| What you are asked to do |
Below are records; please set down exactly the lines from the first through the one containing "X144780000Y-105410000D02*".

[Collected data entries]
• • •
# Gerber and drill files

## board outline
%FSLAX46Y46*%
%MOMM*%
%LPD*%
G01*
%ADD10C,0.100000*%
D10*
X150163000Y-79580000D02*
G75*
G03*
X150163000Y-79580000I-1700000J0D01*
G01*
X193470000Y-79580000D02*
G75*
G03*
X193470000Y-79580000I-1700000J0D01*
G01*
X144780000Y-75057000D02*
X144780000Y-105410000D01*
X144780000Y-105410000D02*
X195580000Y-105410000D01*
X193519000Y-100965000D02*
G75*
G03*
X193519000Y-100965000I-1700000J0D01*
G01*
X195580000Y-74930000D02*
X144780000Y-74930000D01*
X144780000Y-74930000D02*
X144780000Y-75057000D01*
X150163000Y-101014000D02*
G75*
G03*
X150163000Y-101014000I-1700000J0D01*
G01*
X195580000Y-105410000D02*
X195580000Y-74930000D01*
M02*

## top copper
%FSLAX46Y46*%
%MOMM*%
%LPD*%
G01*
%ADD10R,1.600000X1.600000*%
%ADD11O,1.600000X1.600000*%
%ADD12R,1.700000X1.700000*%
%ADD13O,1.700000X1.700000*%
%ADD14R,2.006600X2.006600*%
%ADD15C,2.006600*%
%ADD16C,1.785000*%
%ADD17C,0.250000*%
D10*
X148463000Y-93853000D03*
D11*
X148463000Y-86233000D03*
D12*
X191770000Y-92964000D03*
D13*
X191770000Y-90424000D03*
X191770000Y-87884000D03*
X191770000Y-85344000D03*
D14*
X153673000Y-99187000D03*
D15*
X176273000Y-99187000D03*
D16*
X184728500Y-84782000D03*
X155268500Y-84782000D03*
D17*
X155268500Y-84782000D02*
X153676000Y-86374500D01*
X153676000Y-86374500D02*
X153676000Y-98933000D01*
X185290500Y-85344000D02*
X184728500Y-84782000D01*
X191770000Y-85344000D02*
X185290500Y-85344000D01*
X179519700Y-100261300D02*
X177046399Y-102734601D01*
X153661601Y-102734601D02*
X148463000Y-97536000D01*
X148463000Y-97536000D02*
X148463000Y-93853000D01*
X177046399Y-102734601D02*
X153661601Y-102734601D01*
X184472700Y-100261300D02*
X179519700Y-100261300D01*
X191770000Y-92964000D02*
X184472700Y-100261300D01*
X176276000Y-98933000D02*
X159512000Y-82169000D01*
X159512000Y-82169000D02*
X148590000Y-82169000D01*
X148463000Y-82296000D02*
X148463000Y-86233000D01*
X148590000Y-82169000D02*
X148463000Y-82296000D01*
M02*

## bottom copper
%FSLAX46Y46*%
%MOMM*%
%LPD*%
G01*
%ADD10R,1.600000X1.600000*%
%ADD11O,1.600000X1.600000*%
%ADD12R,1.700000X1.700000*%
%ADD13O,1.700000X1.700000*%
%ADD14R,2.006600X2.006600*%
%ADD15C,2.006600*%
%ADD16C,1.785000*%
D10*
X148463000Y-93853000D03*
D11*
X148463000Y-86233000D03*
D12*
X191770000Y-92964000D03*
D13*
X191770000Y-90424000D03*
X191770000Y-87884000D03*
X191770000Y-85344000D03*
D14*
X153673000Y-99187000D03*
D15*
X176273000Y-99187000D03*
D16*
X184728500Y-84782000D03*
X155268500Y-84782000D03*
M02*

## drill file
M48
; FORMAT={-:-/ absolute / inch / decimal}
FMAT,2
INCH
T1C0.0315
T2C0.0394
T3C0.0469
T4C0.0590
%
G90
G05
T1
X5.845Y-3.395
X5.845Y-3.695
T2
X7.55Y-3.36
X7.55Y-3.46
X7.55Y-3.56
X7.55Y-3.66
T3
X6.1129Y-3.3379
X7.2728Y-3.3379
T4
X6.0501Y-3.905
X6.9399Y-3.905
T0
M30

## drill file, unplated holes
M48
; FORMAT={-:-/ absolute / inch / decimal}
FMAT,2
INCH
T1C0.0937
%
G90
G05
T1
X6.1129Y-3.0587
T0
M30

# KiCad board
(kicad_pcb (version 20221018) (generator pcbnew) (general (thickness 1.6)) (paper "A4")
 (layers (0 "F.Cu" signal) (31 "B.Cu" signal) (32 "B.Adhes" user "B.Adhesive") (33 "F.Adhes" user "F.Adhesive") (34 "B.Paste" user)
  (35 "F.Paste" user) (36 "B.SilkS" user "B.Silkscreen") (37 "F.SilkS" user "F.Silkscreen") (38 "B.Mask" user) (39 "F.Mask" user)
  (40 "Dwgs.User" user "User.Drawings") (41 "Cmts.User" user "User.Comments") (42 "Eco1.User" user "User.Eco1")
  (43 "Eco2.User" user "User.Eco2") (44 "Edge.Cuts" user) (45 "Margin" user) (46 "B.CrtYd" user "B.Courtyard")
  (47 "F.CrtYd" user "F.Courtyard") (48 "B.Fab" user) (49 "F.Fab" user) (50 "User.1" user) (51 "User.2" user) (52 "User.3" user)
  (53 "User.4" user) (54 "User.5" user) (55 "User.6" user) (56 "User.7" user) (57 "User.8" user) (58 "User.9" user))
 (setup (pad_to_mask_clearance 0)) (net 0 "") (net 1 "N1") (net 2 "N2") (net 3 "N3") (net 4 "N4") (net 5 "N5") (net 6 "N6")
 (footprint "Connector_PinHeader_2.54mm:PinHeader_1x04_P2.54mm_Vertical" (layer "F.Cu") (at 191.77 92.964 180)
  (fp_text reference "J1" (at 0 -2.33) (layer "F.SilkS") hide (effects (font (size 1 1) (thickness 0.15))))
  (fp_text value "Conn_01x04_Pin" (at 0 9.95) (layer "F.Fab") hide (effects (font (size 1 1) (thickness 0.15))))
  (pad "1" thru_hole rect (at 0 0 180) (size 1.7 1.7) (drill 1) (layers "*.Cu" "*.Mask") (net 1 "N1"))
  (pad "2" thru_hole oval (at 0 2.54 180) (size 1.7 1.7) (drill 1) (layers "*.Cu" "*.Mask") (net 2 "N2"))
  (pad "3" thru_hole oval (at 0 5.08 180) (size 1.7 1.7) (drill 1) (layers "*.Cu" "*.Mask") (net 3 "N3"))
  (pad "4" thru_hole oval (at 0 7.62 180) (size 1.7 1.7) (drill 1) (layers "*.Cu" "*.Mask") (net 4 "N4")))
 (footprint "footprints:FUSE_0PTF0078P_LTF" (layer "F.Cu") (at 153.673 99.187)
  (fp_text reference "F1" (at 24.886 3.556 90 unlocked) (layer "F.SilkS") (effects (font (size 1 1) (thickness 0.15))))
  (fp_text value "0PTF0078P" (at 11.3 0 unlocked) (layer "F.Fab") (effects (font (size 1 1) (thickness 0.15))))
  (pad "1" thru_hole rect (at 0 0) (size 2.0066 2.0066) (drill 1.4986) (layers "*.Cu" "*.Mask") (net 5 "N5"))
  (pad "2" thru_hole circle (at 22.6 0) (size 2.0066 2.0066) (drill 1.4986) (layers "*.Cu" "*.Mask") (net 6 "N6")))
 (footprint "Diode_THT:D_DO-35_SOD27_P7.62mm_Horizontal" (layer "F.Cu") (at 148.463 93.853 90)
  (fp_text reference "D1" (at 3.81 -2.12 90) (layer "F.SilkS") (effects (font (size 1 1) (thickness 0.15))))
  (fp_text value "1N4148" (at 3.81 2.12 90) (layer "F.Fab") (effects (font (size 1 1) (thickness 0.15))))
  (pad "1" thru_hole rect (at 0 0 90) (size 1.6 1.6) (drill 0.8) (layers "*.Cu" "*.Mask") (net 1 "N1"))
  (pad "2" thru_hole oval (at 7.62 0 90) (size 1.6 1.6) (drill 0.8) (layers "*.Cu" "*.Mask") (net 6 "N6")))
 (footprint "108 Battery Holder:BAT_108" (layer "F.Cu") (at 169.9985 84.782)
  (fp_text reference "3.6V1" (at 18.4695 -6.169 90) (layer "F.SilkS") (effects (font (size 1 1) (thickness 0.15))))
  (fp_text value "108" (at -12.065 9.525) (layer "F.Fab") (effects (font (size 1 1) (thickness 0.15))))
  (pad "" np_thru_hole circle (at -14.73 -7.09) (size 2.38 2.38) (drill 2.38) (layers "*.Cu" "*.Mask"))
  (pad "N" thru_hole circle (at 14.73 0) (size 1.785 1.785) (drill 1.19) (layers "*.Cu" "*.Mask") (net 4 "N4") (solder_mask_margin 0.102))
  (pad "P" thru_hole circle (at -14.73 0) (size 1.785 1.785) (drill 1.19) (layers "*.Cu" "*.Mask") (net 5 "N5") (solder_mask_margin 0.102)))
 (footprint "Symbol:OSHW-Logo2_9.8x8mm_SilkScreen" (layer "B.Cu") (at 183.515 98.933 180)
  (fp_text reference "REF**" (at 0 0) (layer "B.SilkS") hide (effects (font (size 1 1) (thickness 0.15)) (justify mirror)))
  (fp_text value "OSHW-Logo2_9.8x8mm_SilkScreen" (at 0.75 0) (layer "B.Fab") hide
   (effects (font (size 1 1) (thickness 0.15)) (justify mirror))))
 (gr_circle (center 148.463 79.58) (end 150.163 79.58) (stroke (width 0.1) (type default)) (fill none) (layer "Edge.Cuts"))
 (gr_circle (center 191.77 79.58) (end 193.47 79.58) (stroke (width 0.1) (type default)) (fill none) (layer "Edge.Cuts"))
 (gr_line (start 144.78 75.057) (end 144.78 105.41) (stroke (width 0.1) (type default)) (layer "Edge.Cuts"))
 (gr_line (start 144.78 105.41) (end 195.58 105.41) (stroke (width 0.1) (type default)) (layer "Edge.Cuts"))
 (gr_circle (center 191.819 100.965) (end 193.519 100.965) (stroke (width 0.1) (type default)) (fill none) (layer "Edge.Cuts"))
 (gr_line (start 195.58 74.93) (end 144.78 74.93) (stroke (width 0.1) (type default)) (layer "Edge.Cuts"))
 (gr_line (start 144.78 74.93) (end 144.78 75.057) (stroke (width 0.1) (type default)) (layer "Edge.Cuts"))
 (gr_circle (center 148.463 101.014) (end 150.163 101.014) (stroke (width 0.1) (type default)) (fill none) (layer "Edge.Cuts"))
 (gr_line (start 195.58 105.41) (end 195.58 74.93) (stroke (width 0.1) (type default)) (layer "Edge.Cuts"))
 (segment (start 155.2685 84.782) (end 153.676 86.3745) (width 0.25) (layer "F.Cu") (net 5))
 (segment (start 153.676 86.3745) (end 153.676 98.933) (width 0.25) (layer "F.Cu") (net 5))
 (segment (start 185.2905 85.344) (end 184.7285 84.782) (width 0.25) (layer "F.Cu") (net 4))
 (segment (start 191.77 85.344) (end 185.2905 85.344) (width 0.25) (layer "F.Cu") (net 4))
 (segment (start 179.5197 100.2613) (end 177.046399 102.734601) (width 0.25) (layer "F.Cu") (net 1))
 (segment (start 153.661601 102.734601) (end 148.463 97.536) (width 0.25) (layer "F.Cu") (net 1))
 (segment (start 148.463 97.536) (end 148.463 93.853) (width 0.25) (layer "F.Cu") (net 1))
 (segment (start 177.046399 102.734601) (end 153.661601 102.734601) (width 0.25) (layer "F.Cu") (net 1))
 (segment (start 184.4727 100.2613) (end 179.5197 100.2613) (width 0.25) (layer "F.Cu") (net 1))
 (segment (start 191.77 92.964) (end 184.4727 100.2613) (width 0.25) (layer "F.Cu") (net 1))
 (segment (start 176.276 98.933) (end 159.512 82.169) (width 0.25) (layer "F.Cu") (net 6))
 (segment (start 159.512 82.169) (end 148.59 82.169) (width 0.25) (layer "F.Cu") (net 6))
 (segment (start 148.463 82.296) (end 148.463 86.233) (width 0.25) (layer "F.Cu") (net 6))
 (segment (start 148.59 82.169) (end 148.463 82.296) (width 0.25) (layer "F.Cu") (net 6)))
• • •
| Result |
# Gerber and drill files

## board outline
%FSLAX46Y46*%
%MOMM*%
%LPD*%
G01*
%ADD10C,0.100000*%
D10*
X150163000Y-79580000D02*
G75*
G03*
X150163000Y-79580000I-1700000J0D01*
G01*
X193470000Y-79580000D02*
G75*
G03*
X193470000Y-79580000I-1700000J0D01*
G01*
X144780000Y-75057000D02*
X144780000Y-105410000D01*
X144780000Y-105410000D02*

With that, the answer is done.